2. Employee Awareness and Training: The Human Element
One of the most vulnerable points in any cybersecurity strategy is the human element. Employees are often the weakest link in the chain, falling victim to phishing scams, social engineering tactics, or careless handling of sensitive data.
Employee training and awareness are fundamental to preventing breaches. Regular training sessions should be conducted to educate staff about:
• Recognizing phishing emails
• Best practices for password management
• How to identify and avoid social engineering tactics
• Data protection protocols and compliance regulations (like GDPR)
3. A Multi-Layered Defense Strategy: Defense in Depth
A successful cybersecurity strategy requires multiple layers of defense. This defense-in-depth approach ensures that even if one layer is breached, others will still protect critical assets.

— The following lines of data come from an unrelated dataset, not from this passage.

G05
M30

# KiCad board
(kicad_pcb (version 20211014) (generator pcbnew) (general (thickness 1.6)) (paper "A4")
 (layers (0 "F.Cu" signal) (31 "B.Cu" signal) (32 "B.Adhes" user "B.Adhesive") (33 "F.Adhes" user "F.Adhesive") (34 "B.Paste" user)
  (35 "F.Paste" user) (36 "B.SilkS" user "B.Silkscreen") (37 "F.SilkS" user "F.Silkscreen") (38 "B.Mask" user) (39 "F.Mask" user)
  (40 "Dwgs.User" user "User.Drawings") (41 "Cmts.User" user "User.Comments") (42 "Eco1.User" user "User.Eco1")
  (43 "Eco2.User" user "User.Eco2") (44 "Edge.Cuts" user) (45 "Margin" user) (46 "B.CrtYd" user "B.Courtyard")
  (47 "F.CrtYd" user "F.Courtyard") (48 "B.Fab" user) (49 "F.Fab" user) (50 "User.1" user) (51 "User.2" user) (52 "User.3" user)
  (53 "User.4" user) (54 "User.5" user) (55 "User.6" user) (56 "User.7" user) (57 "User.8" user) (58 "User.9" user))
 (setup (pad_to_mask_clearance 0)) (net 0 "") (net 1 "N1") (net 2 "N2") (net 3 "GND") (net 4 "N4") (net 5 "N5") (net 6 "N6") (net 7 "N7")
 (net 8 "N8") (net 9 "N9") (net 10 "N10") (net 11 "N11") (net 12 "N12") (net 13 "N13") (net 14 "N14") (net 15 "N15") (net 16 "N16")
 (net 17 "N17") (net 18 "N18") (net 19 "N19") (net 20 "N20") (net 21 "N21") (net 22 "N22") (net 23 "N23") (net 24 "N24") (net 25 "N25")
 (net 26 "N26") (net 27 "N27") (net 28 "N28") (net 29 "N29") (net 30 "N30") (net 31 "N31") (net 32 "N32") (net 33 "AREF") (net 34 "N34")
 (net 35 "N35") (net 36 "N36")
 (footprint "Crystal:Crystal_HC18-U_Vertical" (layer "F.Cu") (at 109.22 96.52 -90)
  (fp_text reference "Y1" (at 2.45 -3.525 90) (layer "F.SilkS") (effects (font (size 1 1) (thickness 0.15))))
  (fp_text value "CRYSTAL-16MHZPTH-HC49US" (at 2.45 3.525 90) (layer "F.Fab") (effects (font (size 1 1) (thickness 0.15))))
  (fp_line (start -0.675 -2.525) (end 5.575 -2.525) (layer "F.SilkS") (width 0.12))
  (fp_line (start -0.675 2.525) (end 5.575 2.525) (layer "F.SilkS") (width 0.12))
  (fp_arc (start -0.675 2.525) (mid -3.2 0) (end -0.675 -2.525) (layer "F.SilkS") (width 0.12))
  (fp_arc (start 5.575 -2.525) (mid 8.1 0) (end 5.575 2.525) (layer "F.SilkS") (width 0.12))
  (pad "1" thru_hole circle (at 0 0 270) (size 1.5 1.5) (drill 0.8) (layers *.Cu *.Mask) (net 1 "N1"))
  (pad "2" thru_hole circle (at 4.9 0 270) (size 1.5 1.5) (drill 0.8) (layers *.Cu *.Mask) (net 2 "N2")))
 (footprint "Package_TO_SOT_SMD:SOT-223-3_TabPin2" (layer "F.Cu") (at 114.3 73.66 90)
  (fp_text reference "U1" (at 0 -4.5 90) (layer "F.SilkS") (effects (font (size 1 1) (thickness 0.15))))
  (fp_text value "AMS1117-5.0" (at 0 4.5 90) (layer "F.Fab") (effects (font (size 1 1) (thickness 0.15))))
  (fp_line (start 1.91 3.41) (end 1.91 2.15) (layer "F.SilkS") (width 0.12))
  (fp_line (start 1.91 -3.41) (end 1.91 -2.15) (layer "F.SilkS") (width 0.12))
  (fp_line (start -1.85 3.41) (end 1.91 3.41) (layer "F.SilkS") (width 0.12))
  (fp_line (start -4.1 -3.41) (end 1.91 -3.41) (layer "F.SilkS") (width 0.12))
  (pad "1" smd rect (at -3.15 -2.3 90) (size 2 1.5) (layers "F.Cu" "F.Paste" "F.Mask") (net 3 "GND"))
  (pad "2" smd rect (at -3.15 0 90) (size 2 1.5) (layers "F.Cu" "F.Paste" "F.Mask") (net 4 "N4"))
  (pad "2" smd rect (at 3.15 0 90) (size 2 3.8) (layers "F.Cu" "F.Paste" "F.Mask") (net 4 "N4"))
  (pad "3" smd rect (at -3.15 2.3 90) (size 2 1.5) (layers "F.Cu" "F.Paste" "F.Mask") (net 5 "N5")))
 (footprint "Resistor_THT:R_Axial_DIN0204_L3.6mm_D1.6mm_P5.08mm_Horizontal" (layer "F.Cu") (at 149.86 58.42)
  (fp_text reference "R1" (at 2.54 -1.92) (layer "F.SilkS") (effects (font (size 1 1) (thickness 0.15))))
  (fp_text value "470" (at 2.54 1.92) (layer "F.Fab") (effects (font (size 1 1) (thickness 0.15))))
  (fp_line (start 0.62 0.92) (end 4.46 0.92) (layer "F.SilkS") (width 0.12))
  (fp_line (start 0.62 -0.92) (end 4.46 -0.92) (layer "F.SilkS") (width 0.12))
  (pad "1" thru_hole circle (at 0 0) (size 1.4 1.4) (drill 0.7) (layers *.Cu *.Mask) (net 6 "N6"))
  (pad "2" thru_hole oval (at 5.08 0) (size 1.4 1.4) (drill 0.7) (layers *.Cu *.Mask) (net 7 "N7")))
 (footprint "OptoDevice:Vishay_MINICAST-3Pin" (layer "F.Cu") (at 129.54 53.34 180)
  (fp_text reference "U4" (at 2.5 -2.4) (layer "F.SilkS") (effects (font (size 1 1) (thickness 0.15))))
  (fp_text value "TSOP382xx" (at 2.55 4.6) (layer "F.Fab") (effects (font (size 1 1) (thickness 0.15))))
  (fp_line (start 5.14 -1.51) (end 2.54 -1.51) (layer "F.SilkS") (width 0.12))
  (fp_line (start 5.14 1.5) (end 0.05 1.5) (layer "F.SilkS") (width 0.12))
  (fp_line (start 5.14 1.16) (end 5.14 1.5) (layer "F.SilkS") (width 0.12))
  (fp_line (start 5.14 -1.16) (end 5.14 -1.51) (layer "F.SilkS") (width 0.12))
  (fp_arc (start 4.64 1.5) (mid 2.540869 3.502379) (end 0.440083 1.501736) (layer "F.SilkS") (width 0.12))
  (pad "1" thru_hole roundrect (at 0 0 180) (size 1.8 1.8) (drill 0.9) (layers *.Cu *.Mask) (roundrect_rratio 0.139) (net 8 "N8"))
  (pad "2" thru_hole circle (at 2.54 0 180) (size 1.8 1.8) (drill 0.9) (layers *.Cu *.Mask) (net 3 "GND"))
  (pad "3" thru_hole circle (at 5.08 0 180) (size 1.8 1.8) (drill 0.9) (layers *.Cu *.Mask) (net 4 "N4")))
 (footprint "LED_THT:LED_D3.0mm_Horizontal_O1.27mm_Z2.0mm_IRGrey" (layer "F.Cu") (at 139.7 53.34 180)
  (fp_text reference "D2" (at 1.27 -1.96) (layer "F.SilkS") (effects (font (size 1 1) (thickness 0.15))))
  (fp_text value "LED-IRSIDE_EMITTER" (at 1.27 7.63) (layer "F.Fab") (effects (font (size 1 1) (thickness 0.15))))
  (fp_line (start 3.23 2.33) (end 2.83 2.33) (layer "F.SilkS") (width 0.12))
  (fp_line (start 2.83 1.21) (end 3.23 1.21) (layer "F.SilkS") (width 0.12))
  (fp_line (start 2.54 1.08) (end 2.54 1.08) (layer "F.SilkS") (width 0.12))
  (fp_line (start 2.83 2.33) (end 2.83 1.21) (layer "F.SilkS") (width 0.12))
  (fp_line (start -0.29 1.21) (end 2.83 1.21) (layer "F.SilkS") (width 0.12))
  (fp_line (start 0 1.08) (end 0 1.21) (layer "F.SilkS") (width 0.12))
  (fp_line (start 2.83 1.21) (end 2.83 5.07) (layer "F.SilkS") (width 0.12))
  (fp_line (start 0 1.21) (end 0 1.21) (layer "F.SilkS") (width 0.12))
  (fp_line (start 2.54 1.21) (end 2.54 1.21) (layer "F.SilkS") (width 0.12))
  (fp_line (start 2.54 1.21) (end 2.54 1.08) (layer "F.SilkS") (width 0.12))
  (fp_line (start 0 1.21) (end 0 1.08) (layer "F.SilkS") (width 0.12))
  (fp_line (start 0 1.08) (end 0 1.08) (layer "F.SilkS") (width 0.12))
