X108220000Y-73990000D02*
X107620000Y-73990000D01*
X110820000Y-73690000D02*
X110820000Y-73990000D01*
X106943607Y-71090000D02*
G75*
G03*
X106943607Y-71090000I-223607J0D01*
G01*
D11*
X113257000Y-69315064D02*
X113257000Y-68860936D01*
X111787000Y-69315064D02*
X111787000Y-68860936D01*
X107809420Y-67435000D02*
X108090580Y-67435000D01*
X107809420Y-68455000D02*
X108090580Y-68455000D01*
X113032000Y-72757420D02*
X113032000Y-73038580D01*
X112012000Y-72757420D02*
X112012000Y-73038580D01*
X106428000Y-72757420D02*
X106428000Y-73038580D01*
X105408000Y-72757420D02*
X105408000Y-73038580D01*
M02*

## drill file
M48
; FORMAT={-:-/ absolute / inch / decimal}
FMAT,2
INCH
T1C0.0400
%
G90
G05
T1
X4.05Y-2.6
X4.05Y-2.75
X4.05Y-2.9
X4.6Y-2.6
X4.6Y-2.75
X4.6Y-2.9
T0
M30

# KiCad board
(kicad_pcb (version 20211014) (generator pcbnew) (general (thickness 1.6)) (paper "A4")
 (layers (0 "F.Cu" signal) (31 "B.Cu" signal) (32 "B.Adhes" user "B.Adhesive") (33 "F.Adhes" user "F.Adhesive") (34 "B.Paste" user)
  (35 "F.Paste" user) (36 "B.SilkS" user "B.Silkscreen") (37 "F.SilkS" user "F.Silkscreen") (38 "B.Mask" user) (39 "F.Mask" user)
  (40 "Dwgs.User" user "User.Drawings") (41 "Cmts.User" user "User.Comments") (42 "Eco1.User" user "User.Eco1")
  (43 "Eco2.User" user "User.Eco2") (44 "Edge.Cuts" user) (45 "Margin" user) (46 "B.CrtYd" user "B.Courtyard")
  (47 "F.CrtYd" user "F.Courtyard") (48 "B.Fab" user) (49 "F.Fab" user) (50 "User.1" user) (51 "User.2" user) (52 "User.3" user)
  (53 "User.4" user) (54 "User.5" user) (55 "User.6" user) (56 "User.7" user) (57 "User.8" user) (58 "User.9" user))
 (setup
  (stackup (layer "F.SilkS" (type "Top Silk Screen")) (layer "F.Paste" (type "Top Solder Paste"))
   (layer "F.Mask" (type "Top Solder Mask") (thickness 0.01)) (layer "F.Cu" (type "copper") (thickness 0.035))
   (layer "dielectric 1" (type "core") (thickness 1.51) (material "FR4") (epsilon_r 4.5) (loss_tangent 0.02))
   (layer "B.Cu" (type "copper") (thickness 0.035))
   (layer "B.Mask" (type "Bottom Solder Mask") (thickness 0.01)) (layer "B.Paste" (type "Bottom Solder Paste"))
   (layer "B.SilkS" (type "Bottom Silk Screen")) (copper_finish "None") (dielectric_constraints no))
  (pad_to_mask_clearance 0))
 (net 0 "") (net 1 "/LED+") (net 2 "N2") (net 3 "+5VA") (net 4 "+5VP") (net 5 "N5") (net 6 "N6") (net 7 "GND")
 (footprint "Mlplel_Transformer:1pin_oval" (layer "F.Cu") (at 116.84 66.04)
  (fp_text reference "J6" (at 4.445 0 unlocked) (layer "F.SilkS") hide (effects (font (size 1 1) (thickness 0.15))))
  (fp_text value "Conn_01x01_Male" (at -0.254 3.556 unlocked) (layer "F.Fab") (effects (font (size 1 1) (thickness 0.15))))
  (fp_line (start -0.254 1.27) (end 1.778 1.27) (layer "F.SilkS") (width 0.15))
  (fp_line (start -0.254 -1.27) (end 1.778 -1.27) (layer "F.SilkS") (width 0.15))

Implementing several layers of security reduces the risk of a successful attack.
Core Layers Include:
• Firewalls and Network Security: These are the first line of defense against external threats. Modern firewalls should be capable of inspecting traffic for malicious activity and blocking threats in real-time.
• Endpoint Protection: All devices connected to your network, such as laptops, smartphones, and servers, need to be protected with antivirus software, endpoint detection, and response (EDR) systems.
• Encryption: Encrypting sensitive data, both at rest and in transit, is crucial for ensuring that even if data is intercepted, it cannot be accessed or tampered with.
• Access Controls: Implementing zero-trust architecture, where every user and device is continuously validated, ensures that only authorized individuals can access critical systems.
4. Incident Detection and Response: Plan for the Worst
No matter how strong your defenses are, there’s always a possibility that a breach could occur. Incident detection is crucial to minimize the impact of an attack. The faster you detect a breach, the faster you can respond and mitigate potential damage.
Key Incident Response Actions:
• Real-Time Monitoring: Utilize automated threat detection systems, such as SIEM (Security Information and Event Management) solutions, to continuously monitor your network and endpoints for suspicious activity.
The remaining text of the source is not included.